Pronovost P J, Jenckes M W, Dorman T, Garrett E, Breslow M J, Rosenfeld B A, Lipsett P A, Bass E
Department of Anesthesiology/Critical Care Medicine, School of Medicine, Johns Hopkins University, Baltimore, MD 21287-7294, USA.
JAMA. 1999 Apr 14;281(14):1310-7. doi: 10.1001/jama.281.14.1310.
Morbidity and mortality rates in intensive care units (ICUs) vary widely among institutions, but whether ICU structure and care processes affect these outcomes is unknown.
To determine whether organizational characteristics of ICUs are related to clinical and economic outcomes for abdominal aortic surgery patients who typically receive care in an ICU.
Observational study, with patient data collected retrospectively and ICU data collected prospectively.
All Maryland hospitals that performed abdominal aortic surgery from 1994 to 1996.
We analyzed hospital discharge data for patients in non-federal acute care hospitals in Maryland who had a principal procedure code for abdominal aortic surgery from January 1994 through December 1996 (n = 2987). We obtained information about ICU organizational characteristics by surveying ICU medical directors at the 46 Maryland hospitals that performed abdominal aortic surgery. Thirty-nine (85%) of the ICU directors completed this survey.
In-hospital mortality and hospital and ICU length of stay.
For patients undergoing abdominal aortic surgery, in-hospital mortality varied among hospitals from 0% to 66%. In multivariate analysis adjusted for patient demographics, comorbid disease, severity of illness, hospital and surgeon volume, and hospital characteristics, not having daily rounds by an ICU physician was associated with a 3-fold increase in in-hospital mortality (odds ratio [OR], 3.0; 95% confidence interval [CI], 1.9-4.9). Furthermore, not having daily rounds by an ICU physician was associated with an increased risk of cardiac arrest (OR, 2.9; 95% CI, 1.2-7.0), acute renal failure (OR, 2.2; 95% CI, 1.3-3.9), septicemia (OR, 1.8; 95% CI, 1.2-2.6), platelet transfusion (OR, 6.4; 95% CI, 3.2-12.4), and reintubation (OR, 2.0; 95% CI, 1.0-4.1). Not having daily rounds by an ICU physician, having an ICU nurse-patient ratio of less than 1:2, not having monthly review of morbidity and mortality, and extubating patients in the operating room were associated with increased resource use.
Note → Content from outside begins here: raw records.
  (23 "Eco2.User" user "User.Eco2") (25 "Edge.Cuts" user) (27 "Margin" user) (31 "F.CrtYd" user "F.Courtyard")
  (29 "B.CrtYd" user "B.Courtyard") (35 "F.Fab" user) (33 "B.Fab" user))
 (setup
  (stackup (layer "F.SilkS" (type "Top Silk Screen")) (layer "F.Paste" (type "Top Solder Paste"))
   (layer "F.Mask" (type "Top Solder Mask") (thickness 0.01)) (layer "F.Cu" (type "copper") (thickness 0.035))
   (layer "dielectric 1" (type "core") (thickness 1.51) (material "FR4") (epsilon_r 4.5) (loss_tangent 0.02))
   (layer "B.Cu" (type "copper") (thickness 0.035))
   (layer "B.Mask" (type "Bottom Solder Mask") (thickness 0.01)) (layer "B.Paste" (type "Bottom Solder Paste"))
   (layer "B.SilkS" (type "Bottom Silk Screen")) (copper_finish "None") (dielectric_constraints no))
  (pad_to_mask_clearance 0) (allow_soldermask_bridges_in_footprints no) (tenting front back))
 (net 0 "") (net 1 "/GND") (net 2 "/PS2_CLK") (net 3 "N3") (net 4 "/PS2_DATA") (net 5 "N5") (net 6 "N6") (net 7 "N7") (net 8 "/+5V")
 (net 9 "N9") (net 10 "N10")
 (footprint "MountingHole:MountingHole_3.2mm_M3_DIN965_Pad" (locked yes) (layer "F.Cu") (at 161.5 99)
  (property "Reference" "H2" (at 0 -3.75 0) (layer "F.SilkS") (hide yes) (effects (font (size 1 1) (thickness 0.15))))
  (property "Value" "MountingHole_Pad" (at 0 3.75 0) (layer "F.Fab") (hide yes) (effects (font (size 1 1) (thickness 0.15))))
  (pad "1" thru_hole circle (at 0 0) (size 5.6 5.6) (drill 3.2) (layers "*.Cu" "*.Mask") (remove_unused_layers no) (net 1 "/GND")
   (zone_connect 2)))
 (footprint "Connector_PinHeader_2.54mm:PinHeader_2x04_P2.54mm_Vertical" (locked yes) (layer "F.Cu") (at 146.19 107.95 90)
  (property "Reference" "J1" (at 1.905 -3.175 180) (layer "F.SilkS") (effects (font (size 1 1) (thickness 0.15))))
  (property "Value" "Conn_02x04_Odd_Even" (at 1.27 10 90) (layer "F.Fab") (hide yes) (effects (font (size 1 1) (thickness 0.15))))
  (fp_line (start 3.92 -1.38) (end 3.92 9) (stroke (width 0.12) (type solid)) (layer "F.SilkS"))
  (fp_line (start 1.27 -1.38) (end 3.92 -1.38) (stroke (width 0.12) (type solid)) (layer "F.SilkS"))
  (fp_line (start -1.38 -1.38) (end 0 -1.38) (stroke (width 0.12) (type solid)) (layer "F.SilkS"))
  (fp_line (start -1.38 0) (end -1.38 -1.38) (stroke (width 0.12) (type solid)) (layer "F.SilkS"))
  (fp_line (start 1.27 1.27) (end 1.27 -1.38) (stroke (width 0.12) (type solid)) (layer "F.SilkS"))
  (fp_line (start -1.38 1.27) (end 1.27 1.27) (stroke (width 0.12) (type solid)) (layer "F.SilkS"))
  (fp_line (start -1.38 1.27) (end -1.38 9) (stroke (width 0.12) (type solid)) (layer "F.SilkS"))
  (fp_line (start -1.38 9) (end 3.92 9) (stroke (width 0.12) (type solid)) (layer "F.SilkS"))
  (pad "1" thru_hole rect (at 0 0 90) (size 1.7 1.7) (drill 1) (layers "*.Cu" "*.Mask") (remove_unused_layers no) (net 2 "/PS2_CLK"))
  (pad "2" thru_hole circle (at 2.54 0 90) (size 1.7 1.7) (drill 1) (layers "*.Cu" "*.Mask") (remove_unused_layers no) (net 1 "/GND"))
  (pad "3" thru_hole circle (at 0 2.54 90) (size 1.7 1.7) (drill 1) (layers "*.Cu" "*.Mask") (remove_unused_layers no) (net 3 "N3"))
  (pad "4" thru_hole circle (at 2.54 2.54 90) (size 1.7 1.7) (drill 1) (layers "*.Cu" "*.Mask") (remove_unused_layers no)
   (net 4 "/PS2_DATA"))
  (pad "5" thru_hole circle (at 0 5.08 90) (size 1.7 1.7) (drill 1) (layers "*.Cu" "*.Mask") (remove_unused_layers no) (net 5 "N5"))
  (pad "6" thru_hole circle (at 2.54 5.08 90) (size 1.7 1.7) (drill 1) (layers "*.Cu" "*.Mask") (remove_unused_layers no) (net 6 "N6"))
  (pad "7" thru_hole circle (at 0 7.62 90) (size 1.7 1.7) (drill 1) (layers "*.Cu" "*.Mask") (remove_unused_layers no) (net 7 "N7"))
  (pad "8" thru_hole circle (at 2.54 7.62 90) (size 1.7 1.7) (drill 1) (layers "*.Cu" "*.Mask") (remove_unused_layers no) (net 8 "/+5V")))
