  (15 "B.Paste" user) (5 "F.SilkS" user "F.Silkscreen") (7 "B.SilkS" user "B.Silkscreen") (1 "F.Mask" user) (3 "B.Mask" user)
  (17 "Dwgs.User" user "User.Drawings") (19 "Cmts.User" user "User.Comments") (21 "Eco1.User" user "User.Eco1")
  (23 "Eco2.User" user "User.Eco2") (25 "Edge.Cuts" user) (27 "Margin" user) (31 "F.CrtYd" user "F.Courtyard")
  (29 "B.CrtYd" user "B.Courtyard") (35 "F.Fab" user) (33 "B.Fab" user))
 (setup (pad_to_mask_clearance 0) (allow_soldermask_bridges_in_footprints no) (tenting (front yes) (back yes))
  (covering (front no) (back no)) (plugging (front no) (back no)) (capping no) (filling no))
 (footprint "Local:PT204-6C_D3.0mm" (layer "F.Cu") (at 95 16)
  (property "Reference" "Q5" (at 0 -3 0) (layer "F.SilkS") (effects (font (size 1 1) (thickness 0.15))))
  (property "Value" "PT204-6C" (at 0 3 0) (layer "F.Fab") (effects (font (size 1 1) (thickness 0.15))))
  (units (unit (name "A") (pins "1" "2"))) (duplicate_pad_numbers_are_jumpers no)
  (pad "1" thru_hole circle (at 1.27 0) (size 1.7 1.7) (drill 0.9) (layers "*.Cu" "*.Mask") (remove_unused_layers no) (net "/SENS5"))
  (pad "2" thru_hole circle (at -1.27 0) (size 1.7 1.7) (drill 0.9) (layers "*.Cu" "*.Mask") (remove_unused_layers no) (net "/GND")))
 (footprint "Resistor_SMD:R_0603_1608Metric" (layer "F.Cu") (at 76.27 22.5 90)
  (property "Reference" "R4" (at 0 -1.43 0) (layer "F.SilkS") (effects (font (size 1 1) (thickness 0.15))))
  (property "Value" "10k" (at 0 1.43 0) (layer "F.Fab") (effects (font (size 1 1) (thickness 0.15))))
Organizational characteristics of ICUs are related to differences among hospitals in outcomes of abdominal aortic surgery. Clinicians and hospital leaders should consider the potential impact of ICU organizational characteristics on outcomes of patients having high-risk operations.
重症监护病房(ICU)的发病率和死亡率在不同机构间差异很大,但ICU的结构和护理流程是否会影响这些结果尚不清楚。
确定ICU的组织特征是否与通常在ICU接受治疗的腹主动脉手术患者的临床和经济结果相关。
观察性研究,回顾性收集患者数据,前瞻性收集ICU数据。
1994年至1996年期间在马里兰州进行腹主动脉手术的所有医院。
我们分析了马里兰州非联邦急症护理医院中1994年1月至1996年12月期间主要手术代码为腹主动脉手术患者的出院数据(n = 2987)。我们通过对马里兰州46家进行腹主动脉手术的医院的ICU医疗主任进行调查,获取了有关ICU组织特征的信息。46家ICU主任中有39位(85%)完成了这项调查。
住院死亡率、住院时间和ICU住院时间。
对于接受腹主动脉手术的患者,各医院的住院死亡率在0%至66%之间。在对患者人口统计学、合并症、疾病严重程度、医院和外科医生手术量以及医院特征进行调整的多变量分析中,ICU医生不进行每日查房与住院死亡率增加3倍相关(比值比[OR],3.0;95%置信区间[CI],1.9 - 4.9)。此外,ICU医生不进行每日查房与心脏骤停风险增加相关(OR,2.9;95% CI,1.2 - 7.0)、急性肾衰竭(OR,2.2;95% CI,1.3 - 3.9)、败血症(OR,1.8;95% CI,1.2 - 2.6)、血小板输注(OR,6.4;95% CI,3.2 - 12.4)以及再次插管(OR,2.0;95% CI,1.0 - 4.1)相关。ICU医生不进行每日查房、ICU护士与患者比例小于1:2、不进行每月发病率和死亡率审查以及在手术室为患者拔管与资源使用增加相关。
ICU的组织特征与腹主动脉手术医院间的结果差异相关。临床医生和医院领导应考虑ICU组织特征对高危手术患者结果的潜在影响。